MATERIAL FOR THIS EXERCISE below:
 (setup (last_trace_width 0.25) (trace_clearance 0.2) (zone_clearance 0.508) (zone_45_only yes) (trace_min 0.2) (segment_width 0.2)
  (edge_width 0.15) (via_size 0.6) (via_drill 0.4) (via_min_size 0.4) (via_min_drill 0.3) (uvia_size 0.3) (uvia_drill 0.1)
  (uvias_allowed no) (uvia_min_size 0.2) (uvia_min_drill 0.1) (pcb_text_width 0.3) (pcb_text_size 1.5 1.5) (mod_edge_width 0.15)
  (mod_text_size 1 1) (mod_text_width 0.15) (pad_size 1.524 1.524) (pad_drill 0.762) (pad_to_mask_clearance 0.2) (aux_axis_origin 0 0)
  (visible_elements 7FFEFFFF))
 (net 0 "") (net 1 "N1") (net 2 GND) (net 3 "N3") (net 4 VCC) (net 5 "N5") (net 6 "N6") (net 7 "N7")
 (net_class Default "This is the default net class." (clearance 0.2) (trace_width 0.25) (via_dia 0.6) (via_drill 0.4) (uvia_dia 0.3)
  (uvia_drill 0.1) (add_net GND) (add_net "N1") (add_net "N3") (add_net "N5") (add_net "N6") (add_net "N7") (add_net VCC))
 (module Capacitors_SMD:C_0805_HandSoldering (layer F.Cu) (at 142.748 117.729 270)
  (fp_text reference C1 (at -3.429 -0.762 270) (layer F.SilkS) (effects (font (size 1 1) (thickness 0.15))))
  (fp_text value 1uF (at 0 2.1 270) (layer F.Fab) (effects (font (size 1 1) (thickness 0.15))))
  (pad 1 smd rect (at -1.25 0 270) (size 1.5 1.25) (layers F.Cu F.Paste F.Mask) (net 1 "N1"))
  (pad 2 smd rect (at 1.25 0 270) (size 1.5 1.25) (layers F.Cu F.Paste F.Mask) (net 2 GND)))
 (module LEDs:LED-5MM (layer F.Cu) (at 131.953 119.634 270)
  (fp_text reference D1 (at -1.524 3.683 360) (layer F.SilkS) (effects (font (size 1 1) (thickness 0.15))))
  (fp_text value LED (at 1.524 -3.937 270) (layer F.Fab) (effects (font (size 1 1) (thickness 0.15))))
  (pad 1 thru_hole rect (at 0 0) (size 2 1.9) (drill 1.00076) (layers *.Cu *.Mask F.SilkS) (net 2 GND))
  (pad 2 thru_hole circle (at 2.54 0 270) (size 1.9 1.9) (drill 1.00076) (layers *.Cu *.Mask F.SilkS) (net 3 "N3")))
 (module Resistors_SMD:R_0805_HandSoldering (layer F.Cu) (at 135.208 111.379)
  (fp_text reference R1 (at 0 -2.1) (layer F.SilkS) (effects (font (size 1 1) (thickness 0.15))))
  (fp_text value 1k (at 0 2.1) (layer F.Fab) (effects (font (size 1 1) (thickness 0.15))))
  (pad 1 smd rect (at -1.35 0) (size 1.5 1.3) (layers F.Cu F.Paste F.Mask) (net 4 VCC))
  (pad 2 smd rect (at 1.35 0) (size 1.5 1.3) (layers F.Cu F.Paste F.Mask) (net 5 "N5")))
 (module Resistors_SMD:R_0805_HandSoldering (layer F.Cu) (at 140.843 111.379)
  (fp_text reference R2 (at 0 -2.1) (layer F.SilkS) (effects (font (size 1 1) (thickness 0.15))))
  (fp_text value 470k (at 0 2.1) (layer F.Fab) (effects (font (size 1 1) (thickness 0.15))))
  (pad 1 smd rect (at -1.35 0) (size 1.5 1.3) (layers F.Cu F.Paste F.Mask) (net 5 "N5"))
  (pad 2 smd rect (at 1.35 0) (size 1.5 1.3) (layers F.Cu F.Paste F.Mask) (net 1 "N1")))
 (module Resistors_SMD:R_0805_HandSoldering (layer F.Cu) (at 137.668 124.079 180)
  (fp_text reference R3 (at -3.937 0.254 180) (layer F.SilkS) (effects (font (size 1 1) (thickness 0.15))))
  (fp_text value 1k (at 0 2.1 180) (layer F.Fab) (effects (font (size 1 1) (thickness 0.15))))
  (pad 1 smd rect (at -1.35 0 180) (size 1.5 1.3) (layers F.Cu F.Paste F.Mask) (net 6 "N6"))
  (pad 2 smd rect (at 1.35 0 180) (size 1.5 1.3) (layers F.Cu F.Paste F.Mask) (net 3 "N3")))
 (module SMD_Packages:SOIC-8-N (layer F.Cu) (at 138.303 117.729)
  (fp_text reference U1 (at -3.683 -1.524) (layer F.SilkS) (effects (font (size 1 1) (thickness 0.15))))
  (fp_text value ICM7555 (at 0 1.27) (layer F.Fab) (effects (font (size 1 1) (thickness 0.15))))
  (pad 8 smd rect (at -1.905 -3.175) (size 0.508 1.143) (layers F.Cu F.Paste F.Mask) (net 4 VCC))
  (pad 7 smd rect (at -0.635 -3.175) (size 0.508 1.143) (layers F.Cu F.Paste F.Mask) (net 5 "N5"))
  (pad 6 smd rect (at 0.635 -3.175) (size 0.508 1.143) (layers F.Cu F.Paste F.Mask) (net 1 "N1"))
End of MATERIAL FOR THIS EXERCISE.
MATERIAL FOR THIS EXERCISE below:
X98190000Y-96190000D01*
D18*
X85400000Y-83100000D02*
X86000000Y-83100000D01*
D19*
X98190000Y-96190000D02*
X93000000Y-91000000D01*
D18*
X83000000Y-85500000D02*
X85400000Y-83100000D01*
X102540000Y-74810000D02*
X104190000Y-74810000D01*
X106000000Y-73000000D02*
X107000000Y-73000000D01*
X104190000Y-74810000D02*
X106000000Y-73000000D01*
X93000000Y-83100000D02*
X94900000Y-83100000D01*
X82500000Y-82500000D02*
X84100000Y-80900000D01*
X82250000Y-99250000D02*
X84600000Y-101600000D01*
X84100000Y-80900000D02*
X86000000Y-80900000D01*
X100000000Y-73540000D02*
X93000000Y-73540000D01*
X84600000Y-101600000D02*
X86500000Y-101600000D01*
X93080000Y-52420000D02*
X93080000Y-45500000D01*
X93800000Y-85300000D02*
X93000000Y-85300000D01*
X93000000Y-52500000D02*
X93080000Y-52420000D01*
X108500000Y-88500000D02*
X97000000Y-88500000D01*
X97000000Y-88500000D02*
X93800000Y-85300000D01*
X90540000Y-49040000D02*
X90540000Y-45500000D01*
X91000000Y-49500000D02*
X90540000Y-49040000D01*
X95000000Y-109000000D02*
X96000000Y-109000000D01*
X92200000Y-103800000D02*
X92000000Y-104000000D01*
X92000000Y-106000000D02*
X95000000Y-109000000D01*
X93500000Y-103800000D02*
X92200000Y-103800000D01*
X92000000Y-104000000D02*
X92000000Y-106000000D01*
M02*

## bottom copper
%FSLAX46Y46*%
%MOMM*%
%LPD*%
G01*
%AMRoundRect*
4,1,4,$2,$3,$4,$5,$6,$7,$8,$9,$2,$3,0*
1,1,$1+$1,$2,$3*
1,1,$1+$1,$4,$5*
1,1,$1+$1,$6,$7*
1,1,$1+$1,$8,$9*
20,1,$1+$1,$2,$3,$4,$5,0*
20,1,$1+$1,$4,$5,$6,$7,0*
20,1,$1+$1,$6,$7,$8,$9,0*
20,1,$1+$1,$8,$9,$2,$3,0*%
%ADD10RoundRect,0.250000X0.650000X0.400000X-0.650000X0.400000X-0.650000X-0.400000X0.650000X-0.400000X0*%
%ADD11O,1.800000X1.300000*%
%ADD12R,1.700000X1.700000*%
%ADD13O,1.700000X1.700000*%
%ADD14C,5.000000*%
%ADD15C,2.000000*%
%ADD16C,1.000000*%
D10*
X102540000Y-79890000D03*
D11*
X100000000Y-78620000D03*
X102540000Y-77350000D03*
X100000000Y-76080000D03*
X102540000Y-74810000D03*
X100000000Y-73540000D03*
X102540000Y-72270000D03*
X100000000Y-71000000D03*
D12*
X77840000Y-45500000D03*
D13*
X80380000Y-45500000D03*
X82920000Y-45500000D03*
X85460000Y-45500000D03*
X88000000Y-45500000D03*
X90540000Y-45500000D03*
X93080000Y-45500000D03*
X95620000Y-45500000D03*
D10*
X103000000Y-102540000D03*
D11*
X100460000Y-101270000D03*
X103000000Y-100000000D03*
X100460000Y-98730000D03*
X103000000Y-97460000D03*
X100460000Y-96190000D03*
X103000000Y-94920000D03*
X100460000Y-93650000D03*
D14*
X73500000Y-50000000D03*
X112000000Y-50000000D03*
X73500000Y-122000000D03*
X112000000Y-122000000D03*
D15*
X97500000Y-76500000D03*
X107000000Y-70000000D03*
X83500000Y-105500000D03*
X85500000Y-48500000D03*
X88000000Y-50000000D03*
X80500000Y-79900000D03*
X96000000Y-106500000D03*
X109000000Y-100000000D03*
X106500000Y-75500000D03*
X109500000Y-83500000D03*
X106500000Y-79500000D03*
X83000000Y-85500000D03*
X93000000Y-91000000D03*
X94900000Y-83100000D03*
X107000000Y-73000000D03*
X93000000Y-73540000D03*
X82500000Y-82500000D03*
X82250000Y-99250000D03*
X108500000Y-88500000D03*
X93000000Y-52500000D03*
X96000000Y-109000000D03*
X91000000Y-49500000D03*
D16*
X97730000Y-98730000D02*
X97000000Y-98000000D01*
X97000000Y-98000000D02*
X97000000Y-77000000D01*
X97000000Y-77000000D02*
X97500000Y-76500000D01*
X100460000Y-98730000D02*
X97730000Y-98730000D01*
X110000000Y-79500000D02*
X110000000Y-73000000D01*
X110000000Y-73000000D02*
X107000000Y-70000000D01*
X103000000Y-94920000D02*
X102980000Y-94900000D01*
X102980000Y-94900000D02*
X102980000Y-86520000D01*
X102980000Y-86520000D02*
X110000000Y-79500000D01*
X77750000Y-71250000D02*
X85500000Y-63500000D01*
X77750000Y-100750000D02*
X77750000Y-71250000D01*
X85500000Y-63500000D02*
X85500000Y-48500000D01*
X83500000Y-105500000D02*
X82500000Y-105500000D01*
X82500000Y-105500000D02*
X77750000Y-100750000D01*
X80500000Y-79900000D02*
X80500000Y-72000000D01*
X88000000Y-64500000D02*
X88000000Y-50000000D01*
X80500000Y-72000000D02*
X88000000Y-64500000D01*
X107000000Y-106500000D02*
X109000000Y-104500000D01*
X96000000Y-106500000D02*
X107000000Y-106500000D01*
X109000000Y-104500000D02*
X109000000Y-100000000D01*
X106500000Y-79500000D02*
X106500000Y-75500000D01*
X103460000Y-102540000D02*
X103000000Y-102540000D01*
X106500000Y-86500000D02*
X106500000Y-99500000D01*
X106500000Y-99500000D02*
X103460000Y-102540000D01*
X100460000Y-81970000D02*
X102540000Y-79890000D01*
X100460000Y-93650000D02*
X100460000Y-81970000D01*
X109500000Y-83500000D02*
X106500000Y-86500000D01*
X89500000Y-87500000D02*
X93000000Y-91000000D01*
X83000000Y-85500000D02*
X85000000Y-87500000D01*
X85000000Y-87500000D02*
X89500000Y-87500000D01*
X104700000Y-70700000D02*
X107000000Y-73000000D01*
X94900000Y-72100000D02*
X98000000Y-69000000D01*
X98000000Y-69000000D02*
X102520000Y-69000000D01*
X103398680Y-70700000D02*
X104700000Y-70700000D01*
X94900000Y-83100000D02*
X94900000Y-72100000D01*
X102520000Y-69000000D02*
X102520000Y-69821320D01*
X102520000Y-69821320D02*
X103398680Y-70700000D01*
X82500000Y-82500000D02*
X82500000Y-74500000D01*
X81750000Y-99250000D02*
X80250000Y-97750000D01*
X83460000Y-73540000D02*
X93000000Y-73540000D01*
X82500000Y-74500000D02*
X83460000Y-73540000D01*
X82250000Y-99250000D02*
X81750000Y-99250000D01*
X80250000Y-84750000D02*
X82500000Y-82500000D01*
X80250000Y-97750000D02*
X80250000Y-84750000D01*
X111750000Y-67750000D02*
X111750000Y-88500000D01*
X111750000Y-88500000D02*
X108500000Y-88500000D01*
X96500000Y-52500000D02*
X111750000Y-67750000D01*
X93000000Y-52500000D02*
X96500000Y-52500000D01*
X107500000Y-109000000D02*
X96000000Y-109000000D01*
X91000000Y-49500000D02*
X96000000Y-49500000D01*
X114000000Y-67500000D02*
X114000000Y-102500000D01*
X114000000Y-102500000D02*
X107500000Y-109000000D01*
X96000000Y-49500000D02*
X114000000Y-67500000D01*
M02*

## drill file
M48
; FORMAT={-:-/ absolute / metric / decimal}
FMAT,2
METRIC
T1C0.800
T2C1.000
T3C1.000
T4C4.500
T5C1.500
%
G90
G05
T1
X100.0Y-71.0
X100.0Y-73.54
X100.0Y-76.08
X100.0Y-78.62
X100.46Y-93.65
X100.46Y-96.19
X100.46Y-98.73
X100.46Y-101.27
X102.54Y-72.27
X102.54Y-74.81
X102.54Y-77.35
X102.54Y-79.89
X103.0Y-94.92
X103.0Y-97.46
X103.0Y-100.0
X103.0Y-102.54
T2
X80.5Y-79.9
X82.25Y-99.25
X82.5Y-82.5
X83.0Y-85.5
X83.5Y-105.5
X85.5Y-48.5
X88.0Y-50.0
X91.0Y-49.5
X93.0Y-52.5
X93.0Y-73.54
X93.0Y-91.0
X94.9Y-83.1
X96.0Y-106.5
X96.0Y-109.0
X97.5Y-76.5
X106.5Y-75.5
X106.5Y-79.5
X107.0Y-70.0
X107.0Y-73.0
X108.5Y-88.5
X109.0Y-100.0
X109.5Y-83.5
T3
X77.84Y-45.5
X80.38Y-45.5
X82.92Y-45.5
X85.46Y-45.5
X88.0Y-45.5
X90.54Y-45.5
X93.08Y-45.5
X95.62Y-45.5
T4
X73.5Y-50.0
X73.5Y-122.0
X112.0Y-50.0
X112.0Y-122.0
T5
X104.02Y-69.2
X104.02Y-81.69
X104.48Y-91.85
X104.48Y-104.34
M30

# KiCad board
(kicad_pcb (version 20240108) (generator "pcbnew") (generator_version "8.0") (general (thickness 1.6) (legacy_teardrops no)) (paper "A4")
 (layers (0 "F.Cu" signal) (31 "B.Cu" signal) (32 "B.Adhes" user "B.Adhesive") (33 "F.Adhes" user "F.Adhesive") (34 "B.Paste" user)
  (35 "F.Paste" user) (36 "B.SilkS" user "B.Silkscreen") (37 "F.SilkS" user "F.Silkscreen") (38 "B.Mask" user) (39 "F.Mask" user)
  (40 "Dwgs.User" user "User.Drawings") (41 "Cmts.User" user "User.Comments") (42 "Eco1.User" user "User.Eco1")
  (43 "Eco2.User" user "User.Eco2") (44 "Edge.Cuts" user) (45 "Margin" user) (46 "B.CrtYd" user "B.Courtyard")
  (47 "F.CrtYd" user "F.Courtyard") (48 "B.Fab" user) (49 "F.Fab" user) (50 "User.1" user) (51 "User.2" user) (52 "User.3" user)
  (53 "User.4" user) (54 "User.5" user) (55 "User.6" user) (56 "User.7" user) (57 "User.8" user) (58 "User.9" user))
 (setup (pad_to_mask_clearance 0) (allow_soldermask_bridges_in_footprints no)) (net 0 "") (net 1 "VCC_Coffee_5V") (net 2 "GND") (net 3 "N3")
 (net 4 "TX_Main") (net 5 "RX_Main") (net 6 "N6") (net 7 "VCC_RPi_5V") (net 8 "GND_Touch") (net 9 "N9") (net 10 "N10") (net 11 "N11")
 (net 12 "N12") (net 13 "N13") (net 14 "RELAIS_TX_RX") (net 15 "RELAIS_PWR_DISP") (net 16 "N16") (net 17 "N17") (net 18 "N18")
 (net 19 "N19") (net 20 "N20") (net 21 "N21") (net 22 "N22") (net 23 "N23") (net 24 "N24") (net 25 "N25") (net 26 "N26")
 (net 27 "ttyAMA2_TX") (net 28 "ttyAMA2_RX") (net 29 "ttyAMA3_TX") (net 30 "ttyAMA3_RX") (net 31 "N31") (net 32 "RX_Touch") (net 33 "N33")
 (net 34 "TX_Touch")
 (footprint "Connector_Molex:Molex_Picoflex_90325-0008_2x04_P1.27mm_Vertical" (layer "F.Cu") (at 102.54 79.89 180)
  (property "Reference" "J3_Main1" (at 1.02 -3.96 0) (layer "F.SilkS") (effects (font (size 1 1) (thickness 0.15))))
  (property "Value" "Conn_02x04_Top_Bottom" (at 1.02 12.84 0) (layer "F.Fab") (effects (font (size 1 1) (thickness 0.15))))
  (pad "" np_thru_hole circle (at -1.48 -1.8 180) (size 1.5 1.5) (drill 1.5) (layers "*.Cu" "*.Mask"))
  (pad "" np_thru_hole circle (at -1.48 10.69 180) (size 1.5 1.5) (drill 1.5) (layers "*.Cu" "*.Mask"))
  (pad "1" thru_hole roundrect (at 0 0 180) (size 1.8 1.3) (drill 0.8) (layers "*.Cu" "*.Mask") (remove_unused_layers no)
End of MATERIAL FOR THIS EXERCISE.
● TASK TO CARRY OUT: Copy the lines above exactly. Start with the line containing "X106500000Y-75500000D03*", end with the line containing "X107000000Y-70000000D01*", and include both.

● TASK ANSWER:
X106500000Y-75500000D03*
X109500000Y-83500000D03*
X106500000Y-79500000D03*
X83000000Y-85500000D03*
X93000000Y-91000000D03*
X94900000Y-83100000D03*
X107000000Y-73000000D03*
X93000000Y-73540000D03*
X82500000Y-82500000D03*
X82250000Y-99250000D03*
X108500000Y-88500000D03*
X93000000Y-52500000D03*
X96000000Y-109000000D03*
X91000000Y-49500000D03*
D16*
X97730000Y-98730000D02*
X97000000Y-98000000D01*
X97000000Y-98000000D02*
X97000000Y-77000000D01*
X97000000Y-77000000D02*
X97500000Y-76500000D01*
X100460000Y-98730000D02*
X97730000Y-98730000D01*
X110000000Y-79500000D02*
X110000000Y-73000000D01*
X110000000Y-73000000D02*
X107000000Y-70000000D01*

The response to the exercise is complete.